In the fall of 1890, Murphy joined the Staff of the Toledo Commercial, resigning after she was ready for a new career. She next became the editor and publisher of the Woman's Recorder, a paper devoted to the interests of women, and an emphasis in urging the political equality of women with men. She also served as Advertising Manager for Alabastine in Grand Rapids.

She began working in the advertising field in Grand Rapids in 1900.

Murphy in a 1924 publication

Murphy published several books. A Collation of Cakes, printed in 1923, was intended to be used in the classroom for the teaching of culinary art as well as in home demonstration work and women's clubs.
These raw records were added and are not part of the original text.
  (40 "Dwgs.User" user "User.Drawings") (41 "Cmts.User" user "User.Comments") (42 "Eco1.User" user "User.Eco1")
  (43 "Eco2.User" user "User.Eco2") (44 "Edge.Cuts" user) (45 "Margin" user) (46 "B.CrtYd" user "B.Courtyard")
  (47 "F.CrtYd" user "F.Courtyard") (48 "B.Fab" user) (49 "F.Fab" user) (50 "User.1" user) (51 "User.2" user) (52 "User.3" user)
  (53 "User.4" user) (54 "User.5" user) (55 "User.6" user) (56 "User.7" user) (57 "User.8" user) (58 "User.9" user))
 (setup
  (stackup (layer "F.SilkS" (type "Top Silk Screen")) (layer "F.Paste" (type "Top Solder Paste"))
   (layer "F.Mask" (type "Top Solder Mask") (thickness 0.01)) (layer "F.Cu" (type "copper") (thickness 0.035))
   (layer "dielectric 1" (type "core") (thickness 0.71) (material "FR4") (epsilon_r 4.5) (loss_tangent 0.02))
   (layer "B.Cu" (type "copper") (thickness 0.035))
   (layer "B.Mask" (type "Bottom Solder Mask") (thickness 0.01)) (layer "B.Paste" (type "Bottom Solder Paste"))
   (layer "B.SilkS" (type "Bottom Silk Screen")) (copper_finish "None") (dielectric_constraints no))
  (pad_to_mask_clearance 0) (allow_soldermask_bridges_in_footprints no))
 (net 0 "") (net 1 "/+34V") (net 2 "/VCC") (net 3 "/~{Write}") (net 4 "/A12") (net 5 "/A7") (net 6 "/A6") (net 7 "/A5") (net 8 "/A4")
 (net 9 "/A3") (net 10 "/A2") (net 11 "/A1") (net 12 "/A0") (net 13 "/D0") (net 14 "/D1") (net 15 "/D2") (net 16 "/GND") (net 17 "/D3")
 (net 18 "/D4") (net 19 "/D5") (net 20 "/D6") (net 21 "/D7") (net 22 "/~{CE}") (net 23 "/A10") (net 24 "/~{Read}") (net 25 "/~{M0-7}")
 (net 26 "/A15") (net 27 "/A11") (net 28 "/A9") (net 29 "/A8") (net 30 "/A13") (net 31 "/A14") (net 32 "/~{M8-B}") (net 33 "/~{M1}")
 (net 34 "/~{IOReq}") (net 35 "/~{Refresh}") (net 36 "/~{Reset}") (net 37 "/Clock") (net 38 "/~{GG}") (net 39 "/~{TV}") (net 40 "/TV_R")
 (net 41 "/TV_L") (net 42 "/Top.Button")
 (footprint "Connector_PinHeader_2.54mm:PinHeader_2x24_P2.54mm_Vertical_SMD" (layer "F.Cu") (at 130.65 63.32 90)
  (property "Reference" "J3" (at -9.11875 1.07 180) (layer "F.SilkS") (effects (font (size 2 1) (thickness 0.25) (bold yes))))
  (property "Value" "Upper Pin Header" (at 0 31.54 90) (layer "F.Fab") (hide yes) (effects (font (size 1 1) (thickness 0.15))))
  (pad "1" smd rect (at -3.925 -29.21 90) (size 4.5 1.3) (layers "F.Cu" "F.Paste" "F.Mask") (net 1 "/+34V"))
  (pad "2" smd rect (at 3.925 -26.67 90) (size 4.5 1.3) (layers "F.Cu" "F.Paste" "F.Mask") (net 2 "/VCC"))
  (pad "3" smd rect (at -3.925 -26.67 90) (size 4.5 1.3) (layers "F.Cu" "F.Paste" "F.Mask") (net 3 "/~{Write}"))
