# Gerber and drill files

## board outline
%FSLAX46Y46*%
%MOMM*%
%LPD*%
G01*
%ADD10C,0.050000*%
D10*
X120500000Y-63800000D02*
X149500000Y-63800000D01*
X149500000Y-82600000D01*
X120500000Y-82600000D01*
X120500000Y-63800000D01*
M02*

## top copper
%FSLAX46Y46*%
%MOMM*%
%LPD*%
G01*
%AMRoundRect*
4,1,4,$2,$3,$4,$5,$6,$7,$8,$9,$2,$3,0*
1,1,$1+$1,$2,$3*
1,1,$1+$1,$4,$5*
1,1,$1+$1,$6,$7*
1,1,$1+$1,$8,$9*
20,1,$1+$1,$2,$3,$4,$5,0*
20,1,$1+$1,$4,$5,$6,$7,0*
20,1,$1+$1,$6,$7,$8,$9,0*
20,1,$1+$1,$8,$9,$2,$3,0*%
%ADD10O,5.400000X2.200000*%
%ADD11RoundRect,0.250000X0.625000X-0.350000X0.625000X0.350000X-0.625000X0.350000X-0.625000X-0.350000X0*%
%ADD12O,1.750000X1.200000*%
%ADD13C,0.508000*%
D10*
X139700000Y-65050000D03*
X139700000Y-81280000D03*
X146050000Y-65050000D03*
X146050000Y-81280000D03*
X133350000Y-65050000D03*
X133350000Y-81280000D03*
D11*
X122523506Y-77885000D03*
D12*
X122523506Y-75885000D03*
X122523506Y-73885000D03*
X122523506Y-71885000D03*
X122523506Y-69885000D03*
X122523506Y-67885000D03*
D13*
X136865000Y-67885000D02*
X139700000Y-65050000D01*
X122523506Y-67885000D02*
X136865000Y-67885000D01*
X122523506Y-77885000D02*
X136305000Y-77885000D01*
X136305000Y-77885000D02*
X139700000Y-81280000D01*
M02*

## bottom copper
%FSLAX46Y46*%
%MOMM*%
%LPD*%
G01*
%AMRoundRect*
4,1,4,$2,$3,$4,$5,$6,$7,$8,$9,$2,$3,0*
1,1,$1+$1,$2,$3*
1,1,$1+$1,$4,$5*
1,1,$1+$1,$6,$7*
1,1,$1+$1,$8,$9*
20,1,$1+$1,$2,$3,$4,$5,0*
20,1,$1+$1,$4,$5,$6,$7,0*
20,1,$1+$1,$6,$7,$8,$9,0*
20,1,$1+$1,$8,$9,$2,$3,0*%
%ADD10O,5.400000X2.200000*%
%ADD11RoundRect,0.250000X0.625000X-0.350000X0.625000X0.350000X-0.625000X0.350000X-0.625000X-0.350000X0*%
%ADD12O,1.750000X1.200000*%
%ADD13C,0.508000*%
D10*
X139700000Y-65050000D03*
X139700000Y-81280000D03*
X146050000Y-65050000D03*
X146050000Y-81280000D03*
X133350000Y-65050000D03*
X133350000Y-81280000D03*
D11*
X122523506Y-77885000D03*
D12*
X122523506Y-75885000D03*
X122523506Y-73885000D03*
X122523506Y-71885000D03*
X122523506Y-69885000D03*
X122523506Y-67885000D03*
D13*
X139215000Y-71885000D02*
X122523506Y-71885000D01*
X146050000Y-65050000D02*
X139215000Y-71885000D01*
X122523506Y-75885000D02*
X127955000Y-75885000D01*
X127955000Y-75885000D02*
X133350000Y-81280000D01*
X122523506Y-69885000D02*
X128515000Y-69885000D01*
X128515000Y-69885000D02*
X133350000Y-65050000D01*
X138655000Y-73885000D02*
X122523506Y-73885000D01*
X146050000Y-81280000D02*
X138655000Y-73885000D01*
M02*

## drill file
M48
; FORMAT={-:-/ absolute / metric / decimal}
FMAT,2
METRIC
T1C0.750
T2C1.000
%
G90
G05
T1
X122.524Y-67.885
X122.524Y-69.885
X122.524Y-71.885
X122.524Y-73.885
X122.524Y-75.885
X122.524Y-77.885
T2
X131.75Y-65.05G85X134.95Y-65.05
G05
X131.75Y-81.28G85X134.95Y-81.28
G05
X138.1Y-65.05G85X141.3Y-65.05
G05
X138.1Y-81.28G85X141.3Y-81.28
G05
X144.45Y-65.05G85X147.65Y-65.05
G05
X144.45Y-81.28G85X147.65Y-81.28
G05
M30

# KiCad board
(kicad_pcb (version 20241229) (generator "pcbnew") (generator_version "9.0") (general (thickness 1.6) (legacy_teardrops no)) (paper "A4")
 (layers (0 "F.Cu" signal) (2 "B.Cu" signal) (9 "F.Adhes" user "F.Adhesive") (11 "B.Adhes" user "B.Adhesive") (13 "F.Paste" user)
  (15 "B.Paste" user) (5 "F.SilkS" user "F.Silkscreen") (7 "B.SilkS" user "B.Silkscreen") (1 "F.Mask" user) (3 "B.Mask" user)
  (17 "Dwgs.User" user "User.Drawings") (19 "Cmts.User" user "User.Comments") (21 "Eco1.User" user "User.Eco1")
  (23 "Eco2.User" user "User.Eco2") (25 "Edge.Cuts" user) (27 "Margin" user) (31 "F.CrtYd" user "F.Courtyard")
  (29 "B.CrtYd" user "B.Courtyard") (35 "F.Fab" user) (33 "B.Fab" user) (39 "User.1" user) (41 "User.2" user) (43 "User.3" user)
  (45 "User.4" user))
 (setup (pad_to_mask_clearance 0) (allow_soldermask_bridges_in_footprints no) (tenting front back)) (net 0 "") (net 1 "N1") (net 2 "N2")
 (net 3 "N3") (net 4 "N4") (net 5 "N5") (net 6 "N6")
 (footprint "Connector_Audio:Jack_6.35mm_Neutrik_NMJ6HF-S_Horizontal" (layer "F.Cu") (at 133.35 65.05)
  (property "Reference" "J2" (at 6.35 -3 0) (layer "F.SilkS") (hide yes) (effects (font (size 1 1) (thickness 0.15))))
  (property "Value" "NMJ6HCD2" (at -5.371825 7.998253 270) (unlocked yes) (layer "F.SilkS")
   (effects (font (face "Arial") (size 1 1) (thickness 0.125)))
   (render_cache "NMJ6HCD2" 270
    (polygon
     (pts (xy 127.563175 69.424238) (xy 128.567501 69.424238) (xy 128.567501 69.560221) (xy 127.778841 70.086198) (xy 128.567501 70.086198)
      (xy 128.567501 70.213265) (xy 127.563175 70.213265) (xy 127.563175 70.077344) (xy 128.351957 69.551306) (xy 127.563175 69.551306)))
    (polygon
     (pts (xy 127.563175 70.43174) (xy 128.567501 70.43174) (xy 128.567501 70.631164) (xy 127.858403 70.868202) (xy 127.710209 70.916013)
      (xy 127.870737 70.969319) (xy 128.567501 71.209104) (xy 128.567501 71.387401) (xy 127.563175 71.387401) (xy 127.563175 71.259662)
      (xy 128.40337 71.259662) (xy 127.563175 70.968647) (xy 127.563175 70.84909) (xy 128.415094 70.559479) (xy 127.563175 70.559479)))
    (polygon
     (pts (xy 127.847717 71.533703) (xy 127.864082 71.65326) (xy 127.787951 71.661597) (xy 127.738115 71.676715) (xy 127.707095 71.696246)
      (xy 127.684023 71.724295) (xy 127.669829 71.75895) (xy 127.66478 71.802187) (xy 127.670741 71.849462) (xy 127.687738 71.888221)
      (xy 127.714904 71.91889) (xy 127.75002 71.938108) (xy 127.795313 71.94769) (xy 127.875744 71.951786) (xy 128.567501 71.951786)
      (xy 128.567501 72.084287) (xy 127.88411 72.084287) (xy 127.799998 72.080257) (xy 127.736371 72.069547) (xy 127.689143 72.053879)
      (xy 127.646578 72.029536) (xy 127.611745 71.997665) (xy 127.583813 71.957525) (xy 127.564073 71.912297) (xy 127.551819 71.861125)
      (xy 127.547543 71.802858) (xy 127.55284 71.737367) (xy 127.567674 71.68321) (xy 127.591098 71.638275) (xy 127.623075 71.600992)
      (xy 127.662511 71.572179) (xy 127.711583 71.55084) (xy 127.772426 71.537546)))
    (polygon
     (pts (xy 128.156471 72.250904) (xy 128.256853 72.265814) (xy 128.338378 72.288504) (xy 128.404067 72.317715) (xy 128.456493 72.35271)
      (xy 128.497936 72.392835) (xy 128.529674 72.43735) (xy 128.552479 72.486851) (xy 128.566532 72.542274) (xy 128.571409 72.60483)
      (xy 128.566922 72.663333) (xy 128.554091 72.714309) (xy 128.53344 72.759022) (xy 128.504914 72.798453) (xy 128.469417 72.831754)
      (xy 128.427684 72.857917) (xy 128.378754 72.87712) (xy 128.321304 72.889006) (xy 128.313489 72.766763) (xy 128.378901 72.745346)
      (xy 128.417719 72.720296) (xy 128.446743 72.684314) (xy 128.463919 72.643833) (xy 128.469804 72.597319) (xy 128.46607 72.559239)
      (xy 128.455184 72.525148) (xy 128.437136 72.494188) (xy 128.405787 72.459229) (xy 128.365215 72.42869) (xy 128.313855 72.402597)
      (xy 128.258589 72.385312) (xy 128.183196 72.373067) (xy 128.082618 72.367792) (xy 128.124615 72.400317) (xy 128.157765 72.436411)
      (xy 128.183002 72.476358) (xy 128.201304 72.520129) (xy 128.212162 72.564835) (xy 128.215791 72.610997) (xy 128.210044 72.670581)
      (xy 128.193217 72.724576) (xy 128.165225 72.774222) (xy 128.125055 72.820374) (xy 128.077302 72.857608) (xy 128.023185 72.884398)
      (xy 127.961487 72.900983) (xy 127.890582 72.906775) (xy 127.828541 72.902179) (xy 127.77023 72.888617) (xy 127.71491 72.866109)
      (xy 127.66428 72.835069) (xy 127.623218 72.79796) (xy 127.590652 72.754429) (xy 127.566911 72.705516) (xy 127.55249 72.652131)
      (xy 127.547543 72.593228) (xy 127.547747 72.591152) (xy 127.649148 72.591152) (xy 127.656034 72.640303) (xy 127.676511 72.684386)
She offered this book to the Royal Baking Powder Company, who paid her for her services and who assisted in the distribution of the book.

She was, in December 1891, the Ohio president of the International Press League, president of the Toledo Political Equality Club, secretary of the Isabella Congressional Directory, and an active worker in the woman's suffrage association of her own city, one of the oldest societies in the State of Ohio. Murphy served as the first president of the Advertising Women of New York.

==Personal life==
In 1883, she married Michael H. Murphy and continued to make her home in Toledo. The couple had three daughters: Jennie (b. 1884), Janice (b. 1885), and Helena (b. 1887). Mr. and Mrs. Murphy divorced by 1910.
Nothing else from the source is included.